Tuesday, March 06, 2007

A Mormon President? God Forbid!

I will never vote for a Mormon as President of the United States of America? Is that bigotry? Maybe. Before you jump to that conclusion, however, let me explain why I am disinclined to cast my lot for a Mormon to fill the position of chief executive of the United States. My view is that a certain degree of intelligence and the persistent application of one's intellect to questions of importance is absolutely necessary in a President. It is exactly this kind of rigorous application of critical thinking that is absent from the Mormon mind.
To be a Mormon one must either be intellectually sub-standard or must, one way or another, exempt one's faith from critical examination. How else can one believe the absurdities of the kind anyone can discover upon even a shallow investigation into Mormonism? An intelligent Mormon must either compartmentalize his Mormonism into a thinking-free zone or adhere to Mormonism for purely social and utilitarian reasons (family values, positive community, business connections, etc.). The latter is a shallow religiosity uninterested in truth and unworthy of an honorable person's adherence.
Would I vote for an adherent of any religion other than my own to be President of the United States?

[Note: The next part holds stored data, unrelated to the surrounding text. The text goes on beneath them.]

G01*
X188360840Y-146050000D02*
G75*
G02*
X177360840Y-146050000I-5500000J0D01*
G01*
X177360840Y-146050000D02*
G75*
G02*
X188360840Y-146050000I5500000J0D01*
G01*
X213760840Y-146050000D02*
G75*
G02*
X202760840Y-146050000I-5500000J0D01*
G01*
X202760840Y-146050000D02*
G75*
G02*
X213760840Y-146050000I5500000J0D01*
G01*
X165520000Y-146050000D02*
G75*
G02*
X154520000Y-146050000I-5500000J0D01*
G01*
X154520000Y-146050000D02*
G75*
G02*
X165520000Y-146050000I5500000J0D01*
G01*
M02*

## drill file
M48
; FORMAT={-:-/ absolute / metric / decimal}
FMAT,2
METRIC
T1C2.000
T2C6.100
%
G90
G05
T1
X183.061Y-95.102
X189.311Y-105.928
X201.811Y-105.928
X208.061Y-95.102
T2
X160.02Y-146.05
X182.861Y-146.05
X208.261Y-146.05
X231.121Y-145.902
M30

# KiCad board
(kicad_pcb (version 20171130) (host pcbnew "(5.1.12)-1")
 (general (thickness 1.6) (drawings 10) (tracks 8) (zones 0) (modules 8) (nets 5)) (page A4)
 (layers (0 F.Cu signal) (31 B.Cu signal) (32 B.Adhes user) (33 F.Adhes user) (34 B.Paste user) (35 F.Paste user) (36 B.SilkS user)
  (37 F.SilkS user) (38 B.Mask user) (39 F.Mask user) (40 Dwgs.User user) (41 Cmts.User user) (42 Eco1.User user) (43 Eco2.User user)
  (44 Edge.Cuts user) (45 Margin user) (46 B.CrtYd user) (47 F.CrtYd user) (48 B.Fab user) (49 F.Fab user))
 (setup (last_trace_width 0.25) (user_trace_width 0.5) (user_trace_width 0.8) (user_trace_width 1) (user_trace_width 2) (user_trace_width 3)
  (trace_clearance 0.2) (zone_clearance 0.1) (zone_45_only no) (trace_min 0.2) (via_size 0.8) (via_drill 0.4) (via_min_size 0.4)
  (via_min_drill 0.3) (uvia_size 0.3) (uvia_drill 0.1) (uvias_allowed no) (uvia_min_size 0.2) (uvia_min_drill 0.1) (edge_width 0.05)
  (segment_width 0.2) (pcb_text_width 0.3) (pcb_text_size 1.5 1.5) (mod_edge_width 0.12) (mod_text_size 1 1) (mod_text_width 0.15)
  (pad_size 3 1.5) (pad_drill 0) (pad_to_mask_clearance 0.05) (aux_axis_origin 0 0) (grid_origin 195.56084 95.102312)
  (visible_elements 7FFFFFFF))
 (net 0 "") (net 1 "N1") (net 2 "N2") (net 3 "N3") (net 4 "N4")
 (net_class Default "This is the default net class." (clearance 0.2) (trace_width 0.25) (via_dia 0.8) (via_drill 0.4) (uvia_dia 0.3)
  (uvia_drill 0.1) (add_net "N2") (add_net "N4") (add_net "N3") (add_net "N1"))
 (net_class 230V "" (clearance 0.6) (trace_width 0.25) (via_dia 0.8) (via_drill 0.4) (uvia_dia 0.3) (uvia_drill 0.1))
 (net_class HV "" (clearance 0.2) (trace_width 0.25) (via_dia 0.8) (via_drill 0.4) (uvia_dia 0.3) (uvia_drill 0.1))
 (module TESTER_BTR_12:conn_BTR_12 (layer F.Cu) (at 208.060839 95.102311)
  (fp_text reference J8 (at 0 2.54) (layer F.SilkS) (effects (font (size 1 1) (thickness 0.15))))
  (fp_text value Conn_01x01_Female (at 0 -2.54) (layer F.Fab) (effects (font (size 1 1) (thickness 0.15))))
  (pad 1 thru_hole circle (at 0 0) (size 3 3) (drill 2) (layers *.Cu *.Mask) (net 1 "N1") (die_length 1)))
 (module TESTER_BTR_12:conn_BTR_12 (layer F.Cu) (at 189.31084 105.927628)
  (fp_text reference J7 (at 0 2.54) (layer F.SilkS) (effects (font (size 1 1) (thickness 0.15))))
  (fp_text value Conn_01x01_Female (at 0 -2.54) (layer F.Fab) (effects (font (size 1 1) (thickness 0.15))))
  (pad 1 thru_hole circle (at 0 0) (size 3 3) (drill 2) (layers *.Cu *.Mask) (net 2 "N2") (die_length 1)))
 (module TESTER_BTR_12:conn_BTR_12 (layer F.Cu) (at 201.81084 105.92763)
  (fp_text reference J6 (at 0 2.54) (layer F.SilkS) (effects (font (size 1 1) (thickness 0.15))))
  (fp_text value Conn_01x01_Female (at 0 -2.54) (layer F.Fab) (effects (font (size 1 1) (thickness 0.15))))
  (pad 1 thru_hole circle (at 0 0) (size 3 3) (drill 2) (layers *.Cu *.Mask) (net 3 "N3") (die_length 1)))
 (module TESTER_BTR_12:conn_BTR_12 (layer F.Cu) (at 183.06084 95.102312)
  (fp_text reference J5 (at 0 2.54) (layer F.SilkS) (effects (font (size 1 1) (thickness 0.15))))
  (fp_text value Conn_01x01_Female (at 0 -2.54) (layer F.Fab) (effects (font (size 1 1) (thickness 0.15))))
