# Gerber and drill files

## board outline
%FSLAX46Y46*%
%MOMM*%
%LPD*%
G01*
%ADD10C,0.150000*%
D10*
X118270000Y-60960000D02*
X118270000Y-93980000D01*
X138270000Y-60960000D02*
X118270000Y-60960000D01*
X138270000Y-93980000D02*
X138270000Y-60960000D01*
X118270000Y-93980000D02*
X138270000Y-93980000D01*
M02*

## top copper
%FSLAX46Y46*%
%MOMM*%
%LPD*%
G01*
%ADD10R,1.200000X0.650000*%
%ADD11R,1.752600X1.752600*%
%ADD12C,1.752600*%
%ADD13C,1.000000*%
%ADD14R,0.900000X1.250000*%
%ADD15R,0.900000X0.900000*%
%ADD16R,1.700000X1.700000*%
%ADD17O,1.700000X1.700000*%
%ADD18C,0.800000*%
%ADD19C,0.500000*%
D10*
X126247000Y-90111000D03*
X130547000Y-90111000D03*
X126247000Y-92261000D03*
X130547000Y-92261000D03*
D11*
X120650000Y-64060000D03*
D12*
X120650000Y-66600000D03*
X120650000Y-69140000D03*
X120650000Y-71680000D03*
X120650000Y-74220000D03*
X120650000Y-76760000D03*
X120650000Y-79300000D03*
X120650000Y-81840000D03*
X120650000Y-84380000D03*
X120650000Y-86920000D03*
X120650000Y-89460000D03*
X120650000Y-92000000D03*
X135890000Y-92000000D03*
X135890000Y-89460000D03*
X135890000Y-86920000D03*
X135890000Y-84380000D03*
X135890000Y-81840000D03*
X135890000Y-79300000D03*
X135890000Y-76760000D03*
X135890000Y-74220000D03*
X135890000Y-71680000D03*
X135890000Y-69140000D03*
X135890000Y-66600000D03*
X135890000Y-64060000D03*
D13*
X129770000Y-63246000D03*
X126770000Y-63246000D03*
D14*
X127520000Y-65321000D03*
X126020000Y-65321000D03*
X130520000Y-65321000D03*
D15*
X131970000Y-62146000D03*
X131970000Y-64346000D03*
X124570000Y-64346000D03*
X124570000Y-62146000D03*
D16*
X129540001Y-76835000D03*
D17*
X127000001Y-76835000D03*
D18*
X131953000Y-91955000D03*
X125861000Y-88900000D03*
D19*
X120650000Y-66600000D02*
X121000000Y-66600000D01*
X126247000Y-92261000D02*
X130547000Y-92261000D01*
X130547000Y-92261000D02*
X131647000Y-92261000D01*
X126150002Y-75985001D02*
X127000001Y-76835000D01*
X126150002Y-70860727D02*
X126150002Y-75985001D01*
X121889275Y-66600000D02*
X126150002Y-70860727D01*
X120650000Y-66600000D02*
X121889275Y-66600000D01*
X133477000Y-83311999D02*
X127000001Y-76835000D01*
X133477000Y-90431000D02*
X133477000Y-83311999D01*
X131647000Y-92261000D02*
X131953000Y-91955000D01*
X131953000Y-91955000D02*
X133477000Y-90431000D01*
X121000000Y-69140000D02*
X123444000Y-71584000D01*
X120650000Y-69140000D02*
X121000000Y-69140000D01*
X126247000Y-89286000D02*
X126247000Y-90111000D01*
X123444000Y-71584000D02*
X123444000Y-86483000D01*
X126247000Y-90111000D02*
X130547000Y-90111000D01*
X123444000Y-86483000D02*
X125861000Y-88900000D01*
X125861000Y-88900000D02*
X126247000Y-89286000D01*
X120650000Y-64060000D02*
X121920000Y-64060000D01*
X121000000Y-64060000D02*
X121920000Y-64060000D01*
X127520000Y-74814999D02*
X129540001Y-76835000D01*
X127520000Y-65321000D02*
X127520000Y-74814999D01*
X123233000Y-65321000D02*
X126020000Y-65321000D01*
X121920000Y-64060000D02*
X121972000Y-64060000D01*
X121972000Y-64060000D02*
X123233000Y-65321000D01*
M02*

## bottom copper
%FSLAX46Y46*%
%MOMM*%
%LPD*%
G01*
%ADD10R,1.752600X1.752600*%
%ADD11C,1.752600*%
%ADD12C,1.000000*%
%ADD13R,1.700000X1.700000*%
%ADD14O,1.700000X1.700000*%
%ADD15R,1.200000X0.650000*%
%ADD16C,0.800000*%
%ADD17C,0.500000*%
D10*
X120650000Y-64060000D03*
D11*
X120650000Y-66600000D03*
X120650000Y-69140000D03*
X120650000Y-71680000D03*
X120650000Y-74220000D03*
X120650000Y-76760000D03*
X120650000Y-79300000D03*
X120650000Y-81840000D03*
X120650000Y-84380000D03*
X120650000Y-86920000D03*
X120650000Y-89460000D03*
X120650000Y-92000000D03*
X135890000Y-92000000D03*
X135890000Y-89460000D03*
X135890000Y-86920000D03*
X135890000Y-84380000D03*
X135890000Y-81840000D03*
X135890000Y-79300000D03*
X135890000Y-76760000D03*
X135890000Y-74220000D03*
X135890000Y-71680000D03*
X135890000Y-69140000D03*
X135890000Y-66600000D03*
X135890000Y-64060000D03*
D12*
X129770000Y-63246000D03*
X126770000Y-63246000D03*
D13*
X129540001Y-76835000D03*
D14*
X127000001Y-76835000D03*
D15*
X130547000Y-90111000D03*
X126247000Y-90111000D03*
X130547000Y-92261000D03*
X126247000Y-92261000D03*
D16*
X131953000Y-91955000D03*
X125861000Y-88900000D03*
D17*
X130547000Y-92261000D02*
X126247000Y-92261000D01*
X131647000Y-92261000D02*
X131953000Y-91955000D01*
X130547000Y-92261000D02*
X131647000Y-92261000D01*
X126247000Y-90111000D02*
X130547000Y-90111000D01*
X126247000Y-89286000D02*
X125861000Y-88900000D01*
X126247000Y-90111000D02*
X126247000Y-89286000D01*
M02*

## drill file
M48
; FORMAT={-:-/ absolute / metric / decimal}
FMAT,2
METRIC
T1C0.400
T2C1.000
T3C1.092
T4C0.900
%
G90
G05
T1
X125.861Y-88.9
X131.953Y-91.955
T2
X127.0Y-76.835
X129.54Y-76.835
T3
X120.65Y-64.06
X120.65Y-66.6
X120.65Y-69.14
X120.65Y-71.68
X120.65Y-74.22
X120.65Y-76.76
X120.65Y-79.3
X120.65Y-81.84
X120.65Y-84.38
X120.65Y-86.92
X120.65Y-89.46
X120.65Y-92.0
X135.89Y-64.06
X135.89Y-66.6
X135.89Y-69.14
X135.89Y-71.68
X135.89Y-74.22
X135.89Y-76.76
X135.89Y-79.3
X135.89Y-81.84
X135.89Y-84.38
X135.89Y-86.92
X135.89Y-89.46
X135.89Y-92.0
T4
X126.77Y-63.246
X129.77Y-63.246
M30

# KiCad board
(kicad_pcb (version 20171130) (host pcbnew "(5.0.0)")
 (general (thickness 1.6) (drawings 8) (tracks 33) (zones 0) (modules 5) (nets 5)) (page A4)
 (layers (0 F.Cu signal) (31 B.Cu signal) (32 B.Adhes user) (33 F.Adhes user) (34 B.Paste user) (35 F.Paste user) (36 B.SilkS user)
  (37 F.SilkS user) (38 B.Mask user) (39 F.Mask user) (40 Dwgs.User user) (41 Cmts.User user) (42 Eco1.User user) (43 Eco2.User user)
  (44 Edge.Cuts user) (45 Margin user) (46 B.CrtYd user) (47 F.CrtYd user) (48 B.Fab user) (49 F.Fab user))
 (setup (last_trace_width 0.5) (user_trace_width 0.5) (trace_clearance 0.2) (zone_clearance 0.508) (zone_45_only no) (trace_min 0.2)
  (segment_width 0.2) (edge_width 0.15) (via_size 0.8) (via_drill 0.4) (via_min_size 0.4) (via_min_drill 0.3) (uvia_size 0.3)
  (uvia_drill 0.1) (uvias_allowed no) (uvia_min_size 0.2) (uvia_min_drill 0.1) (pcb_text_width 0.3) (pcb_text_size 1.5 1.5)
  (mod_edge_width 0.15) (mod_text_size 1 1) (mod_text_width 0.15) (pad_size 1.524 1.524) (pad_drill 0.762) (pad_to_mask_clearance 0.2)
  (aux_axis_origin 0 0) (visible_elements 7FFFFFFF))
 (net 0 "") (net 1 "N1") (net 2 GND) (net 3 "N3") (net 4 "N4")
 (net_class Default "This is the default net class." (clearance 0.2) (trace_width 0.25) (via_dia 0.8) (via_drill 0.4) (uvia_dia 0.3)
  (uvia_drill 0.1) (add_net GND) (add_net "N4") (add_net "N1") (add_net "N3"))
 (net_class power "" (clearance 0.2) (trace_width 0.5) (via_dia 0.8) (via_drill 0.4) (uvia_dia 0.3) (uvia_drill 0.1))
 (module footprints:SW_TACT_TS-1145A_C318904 (layer F.Cu) (at 128.397 91.186)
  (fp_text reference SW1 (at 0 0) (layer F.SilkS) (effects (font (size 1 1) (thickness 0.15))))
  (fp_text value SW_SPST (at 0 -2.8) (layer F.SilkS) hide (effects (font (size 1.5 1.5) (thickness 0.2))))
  (pad 1 smd rect (at -2.15 -1.075) (size 1.2 0.65) (layers F.Cu F.Paste F.Mask) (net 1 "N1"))
  (pad 1 smd rect (at 2.15 -1.075) (size 1.2 0.65) (layers F.Cu F.Paste F.Mask) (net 1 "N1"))
  (pad 2 smd rect (at -2.15 1.075) (size 1.2 0.65) (layers F.Cu F.Paste F.Mask) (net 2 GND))
  (pad 2 smd rect (at 2.15 1.075) (size 1.2 0.65) (layers F.Cu F.Paste F.Mask) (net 2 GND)))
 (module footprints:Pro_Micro (layer F.Cu) (at 128.27 76.506)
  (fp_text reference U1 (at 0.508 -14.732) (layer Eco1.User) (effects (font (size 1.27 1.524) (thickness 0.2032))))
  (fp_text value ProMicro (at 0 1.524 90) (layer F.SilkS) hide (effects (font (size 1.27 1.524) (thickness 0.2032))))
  (pad 1 thru_hole rect (at -7.62 -12.446 270) (size 1.7526 1.7526) (drill 1.0922) (layers *.Cu *.SilkS *.Mask) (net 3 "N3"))
  (pad 2 thru_hole circle (at -7.62 -9.906 270) (size 1.7526 1.7526) (drill 1.0922) (layers *.Cu *.SilkS *.Mask) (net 2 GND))
  (pad 3 thru_hole circle (at -7.62 -7.366 270) (size 1.7526 1.7526) (drill 1.0922) (layers *.Cu *.SilkS *.Mask) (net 1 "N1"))
  (pad 4 thru_hole circle (at -7.62 -4.826 270) (size 1.7526 1.7526) (drill 1.0922) (layers *.Cu *.SilkS *.Mask))
  (pad 5 thru_hole circle (at -7.62 -2.286 270) (size 1.7526 1.7526) (drill 1.0922) (layers *.Cu *.SilkS *.Mask))
  (pad 6 thru_hole circle (at -7.62 0.254 270) (size 1.7526 1.7526) (drill 1.0922) (layers *.Cu *.SilkS *.Mask))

Yes. Although I differ strongly with other truth claims, I can see how rational people can reasonably adhere to them and retain their honor. A Buddhist, Taoist, even an atheist could get my vote if the candidate's political positions were akin to my own. No Mormon, satanist, Marxist (it is a religion, you know), Shintoist, Wiccan, polytheist (Mormons are henotheists, a subset of polytheism), or Muslim will ever get my support in a run for the highest office in this land because the religion to which they adhere are all either blatantly irrational or doctrinally sinister or both. If that is bigotry, then I am a bigot.